The transthyretin gene mutations that result in ATTR amyloidosis make the protein unstable and more likely to develop amyloid deposits. You can either inherit or acquire ATTR amyloidosis. Acquired amyloidosis, also known as SSA or wild-type ATTR amyloidosis, affects mostly elderly males without a history of the condition in their families. The heart and nerves are the two organs that are most frequently impacted by amyloidosis. TTR-amyloidosis is a progressive and life-threatening condition that requires early diagnosis and treatment. Treatment options include medications that stabilize or reduce transthyretin production, organ transplantation, gene therapy and supportive care.

INTENDED USE

Human transthyretin ELISA kit can measure concentrations of TTR (transthyretin, PALB, prealbumin, TBPA, amyloidosis type I) present is plasma, serum, biological fluids and tissue homogenate samples.

CONTENT

All reagents supplied need to be stored at 2 °C – 8 °C, unopened reagents will retain reactivity until expiration date. Do not use reagents beyond this date.

  • One 96-Well Plate: Pre-coated with anti-TTR antibody.
  • Standards: Lyophilized recombinant.
  • Sample/Standard Dilution Buffer.
  • Biotinylated-labelled Antibody.
  • Antibody Dilution Buffer.
  • HRP-Streptavidin Conjugate (SABC).
  • SABC Dilution Buffer.
  • TMB Substrate.
  • Wash Buffer (25x).
  • Plate Sealer.
  • Product Instructions.

TYPICAL RESULTS

For this transthyretin ELISA kit it is recommended that a standard curve is generated for each assay carried out.

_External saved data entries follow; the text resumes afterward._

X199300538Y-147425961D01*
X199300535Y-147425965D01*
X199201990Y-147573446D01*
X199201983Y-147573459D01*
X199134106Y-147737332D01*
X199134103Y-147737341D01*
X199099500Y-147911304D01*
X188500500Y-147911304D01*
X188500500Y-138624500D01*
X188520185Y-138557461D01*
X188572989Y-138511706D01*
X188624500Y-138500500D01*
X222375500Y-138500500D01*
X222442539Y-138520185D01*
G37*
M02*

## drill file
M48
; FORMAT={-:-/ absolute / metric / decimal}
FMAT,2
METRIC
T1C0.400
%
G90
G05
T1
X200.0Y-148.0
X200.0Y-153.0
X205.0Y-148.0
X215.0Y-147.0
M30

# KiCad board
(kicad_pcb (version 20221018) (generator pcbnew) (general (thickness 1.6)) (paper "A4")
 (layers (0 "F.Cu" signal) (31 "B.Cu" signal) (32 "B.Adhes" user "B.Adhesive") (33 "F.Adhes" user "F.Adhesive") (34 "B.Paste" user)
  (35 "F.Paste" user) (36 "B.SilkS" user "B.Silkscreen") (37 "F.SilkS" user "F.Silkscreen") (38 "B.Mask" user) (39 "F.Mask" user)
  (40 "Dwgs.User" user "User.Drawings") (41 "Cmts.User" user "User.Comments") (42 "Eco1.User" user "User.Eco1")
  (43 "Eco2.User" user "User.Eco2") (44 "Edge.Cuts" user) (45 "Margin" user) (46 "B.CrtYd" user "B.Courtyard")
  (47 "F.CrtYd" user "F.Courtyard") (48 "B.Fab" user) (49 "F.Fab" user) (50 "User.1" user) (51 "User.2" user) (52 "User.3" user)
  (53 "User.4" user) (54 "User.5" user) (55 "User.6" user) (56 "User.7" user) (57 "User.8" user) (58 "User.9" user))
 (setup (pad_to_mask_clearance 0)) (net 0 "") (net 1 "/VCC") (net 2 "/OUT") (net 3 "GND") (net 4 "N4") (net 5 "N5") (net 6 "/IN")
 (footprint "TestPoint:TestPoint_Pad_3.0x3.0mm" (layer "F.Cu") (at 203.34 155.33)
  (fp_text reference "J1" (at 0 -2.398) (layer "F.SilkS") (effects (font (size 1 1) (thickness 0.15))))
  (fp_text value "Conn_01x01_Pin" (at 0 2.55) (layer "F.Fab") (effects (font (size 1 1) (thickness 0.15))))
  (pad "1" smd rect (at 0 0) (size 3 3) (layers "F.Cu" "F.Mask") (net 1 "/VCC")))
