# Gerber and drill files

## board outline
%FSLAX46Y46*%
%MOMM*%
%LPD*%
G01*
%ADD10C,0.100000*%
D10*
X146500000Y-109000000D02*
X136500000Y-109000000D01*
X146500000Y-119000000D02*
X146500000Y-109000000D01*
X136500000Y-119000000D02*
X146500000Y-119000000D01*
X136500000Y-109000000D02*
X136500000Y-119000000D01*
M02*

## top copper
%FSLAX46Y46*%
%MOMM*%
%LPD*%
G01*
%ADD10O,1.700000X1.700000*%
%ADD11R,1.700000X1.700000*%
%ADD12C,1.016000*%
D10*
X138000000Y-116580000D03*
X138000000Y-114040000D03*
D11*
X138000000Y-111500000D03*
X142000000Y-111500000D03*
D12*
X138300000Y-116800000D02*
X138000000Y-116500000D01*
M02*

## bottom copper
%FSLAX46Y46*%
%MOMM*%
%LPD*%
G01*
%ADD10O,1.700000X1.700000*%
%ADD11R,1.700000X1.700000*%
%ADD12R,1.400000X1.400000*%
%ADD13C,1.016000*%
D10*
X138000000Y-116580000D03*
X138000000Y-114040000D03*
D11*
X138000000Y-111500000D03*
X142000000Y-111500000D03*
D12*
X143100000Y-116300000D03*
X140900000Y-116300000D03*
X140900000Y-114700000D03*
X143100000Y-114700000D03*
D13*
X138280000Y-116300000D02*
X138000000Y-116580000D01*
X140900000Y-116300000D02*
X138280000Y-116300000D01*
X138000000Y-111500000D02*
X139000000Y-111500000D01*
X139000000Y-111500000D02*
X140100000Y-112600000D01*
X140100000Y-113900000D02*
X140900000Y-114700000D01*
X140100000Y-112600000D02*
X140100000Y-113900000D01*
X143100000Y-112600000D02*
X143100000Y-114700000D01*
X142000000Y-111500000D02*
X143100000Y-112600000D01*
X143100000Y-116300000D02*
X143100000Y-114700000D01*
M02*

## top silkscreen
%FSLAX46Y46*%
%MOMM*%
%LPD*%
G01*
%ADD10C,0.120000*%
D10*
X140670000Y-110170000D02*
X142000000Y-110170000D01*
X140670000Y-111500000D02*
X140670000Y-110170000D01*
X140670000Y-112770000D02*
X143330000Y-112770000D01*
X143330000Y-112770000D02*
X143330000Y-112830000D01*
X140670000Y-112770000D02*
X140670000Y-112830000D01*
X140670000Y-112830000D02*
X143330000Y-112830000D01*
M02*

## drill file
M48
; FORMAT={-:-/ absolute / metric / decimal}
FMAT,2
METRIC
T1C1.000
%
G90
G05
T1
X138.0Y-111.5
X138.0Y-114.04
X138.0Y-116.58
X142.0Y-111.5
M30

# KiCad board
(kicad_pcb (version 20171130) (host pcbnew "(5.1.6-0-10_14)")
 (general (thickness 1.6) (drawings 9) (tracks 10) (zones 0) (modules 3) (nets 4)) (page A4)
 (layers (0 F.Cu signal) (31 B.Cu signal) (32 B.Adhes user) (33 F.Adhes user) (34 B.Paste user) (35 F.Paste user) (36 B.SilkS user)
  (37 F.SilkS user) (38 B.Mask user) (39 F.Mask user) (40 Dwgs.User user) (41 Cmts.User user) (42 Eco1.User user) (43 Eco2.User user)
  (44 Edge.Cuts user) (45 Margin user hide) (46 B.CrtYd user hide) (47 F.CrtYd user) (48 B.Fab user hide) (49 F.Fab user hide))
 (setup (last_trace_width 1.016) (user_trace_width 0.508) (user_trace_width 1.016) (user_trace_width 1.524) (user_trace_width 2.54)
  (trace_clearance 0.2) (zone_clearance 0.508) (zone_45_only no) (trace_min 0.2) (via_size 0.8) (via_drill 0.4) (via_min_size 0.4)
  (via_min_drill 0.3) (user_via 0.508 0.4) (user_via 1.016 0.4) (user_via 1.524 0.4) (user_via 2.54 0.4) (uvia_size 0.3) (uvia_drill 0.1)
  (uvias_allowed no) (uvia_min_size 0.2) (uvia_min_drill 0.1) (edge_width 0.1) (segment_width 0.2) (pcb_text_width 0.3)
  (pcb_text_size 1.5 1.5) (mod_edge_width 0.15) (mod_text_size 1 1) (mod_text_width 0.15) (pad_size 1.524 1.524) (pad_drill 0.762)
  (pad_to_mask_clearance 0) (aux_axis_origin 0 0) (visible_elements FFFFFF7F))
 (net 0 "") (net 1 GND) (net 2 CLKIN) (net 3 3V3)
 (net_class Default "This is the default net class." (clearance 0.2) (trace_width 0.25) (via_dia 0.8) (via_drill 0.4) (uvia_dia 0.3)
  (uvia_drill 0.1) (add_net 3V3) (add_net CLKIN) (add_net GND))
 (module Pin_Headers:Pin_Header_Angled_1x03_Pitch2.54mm (layer B.Cu) (at 138 111.5 180)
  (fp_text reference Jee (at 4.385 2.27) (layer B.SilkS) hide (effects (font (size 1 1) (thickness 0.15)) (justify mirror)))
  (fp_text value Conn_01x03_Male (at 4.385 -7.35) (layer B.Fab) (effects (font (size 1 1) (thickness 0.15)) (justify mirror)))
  (pad 3 thru_hole oval (at 0 -5.08 180) (size 1.7 1.7) (drill 1) (layers *.Cu *.Mask) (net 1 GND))
  (pad 2 thru_hole oval (at 0 -2.54 180) (size 1.7 1.7) (drill 1) (layers *.Cu *.Mask))
  (pad 1 thru_hole rect (at 0 0 180) (size 1.7 1.7) (drill 1) (layers *.Cu *.Mask) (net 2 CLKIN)))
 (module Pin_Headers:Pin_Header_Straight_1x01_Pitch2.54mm (layer F.Cu) (at 142 111.5)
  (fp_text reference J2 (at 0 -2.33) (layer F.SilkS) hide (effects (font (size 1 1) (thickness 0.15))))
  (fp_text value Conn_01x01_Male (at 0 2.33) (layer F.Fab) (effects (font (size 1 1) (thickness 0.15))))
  (fp_line (start -1.33 -1.33) (end 0 -1.33) (layer F.SilkS) (width 0.12))
  (fp_line (start -1.33 0) (end -1.33 -1.33) (layer F.SilkS) (width 0.12))
  (fp_line (start -1.33 1.27) (end 1.33 1.27) (layer F.SilkS) (width 0.12))
  (fp_line (start 1.33 1.27) (end 1.33 1.33) (layer F.SilkS) (width 0.12))
  (fp_line (start -1.33 1.27) (end -1.33 1.33) (layer F.SilkS) (width 0.12))
  (fp_line (start -1.33 1.33) (end 1.33 1.33) (layer F.SilkS) (width 0.12))
  (pad 1 thru_hole rect (at 0 0) (size 1.7 1.7) (drill 1) (layers *.Cu *.Mask) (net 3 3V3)))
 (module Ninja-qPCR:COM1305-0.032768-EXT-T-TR (layer B.Cu) (at 142 115.5 180)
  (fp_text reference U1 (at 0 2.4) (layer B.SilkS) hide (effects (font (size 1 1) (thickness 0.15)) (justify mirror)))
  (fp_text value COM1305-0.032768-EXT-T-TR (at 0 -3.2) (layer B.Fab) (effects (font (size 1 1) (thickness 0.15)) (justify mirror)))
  (pad 1 smd rect (at -1.1 -0.8 180) (size 1.4 1.4) (layers B.Cu B.Paste B.Mask) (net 3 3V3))
  (pad 2 smd rect (at 1.1 -0.8 180) (size 1.4 1.4) (layers B.Cu B.Paste B.Mask) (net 1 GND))
  (pad 3 smd rect (at 1.1 0.8 180) (size 1.4 1.4) (layers B.Cu B.Paste B.Mask) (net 2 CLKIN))
  (pad 4 smd rect (at -1.1 0.8 180) (size 1.4 1.4) (layers B.Cu B.Paste B.Mask) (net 3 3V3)))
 (gr_line (start 146.5 109) (end 136.5 109) (layer Edge.Cuts) (width 0.1))
 (gr_line (start 146.5 119) (end 146.5 109) (layer Edge.Cuts) (width 0.1))
 (gr_line (start 136.5 119) (end 146.5 119) (layer Edge.Cuts) (width 0.1))
 (gr_line (start 136.5 109) (end 136.5 119) (layer Edge.Cuts) (width 0.1))
 (segment (start 138.3 116.8) (end 138 116.5) (width 1.016) (layer F.Cu) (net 1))
 (segment (start 138.28 116.3) (end 138 116.58) (width 1.016) (layer B.Cu) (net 1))
 (segment (start 140.9 116.3) (end 138.28 116.3) (width 1.016) (layer B.Cu) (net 1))
 (segment (start 138 111.5) (end 139 111.5) (width 1.016) (layer B.Cu) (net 2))
 (segment (start 139 111.5) (end 140.1 112.6) (width 1.016) (layer B.Cu) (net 2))
 (segment (start 140.1 113.9) (end 140.9 114.7) (width 1.016) (layer B.Cu) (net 2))
 (segment (start 140.1 112.6) (end 140.1 113.9) (width 1.016) (layer B.Cu) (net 2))
 (segment (start 143.1 112.6) (end 143.1 114.7) (width 1.016) (layer B.Cu) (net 3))
 (segment (start 142 111.5) (end 143.1 112.6) (width 1.016) (layer B.Cu) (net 3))
 (segment (start 143.1 116.3) (end 143.1 114.7) (width 1.016) (layer B.Cu) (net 3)))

Standard Curve: 0, 7.812, 15.625, 31.25, 62.5, 125, 250, 500 pg/ml.
Reactivity: Human
Sensitivity: 4.688 pg/ml
Range: 7.813 – 500 pg/ml
Principle: Sandwich
Application: Research Use Only.

ASSAY CHARACTERISTICS

– Specificity: Highly specific for TTR, no cross reactivity or interference between TTR and analogues was detected.
– Recovery: Serum (17 – 83%), EDTA Plasma (62 – 102%), Heparin Plasma (6 – 70%).
– Linearity: Serum (88 – 101%), EDTA Plasma (89 – 97%), Heparin Plasma (80 – 97%).
– Precison Intra-Assay: CV < 8%.
– Precison Inter-Assay: CV < 10%.
– Stability: Less than 10%.

REFERENCES

  1. Transthyretin cardiac amyloidosis: an update on diagnosis and treatment. ESC Heart Fail. (2019) 6 (6): 1128-1139. Yamamoto H. and Yokochi T.
  2. Transthyretin-amyloid cardiomyopathy: An uncharted territory awaiting discovery. Eur J Intern Med. (2020) 82: 7-15. Porcari A., et al.
  3. Cardiac_transthyretin amyloidosis. (2012) 98 (21): 1546-54. Dungu J.N., et al.
  4. Transthyretin as a thyroid hormone carrier: function revisited. Clin Chem Lab Med. (2002) 40 (12): 1292-300. Palha J.A.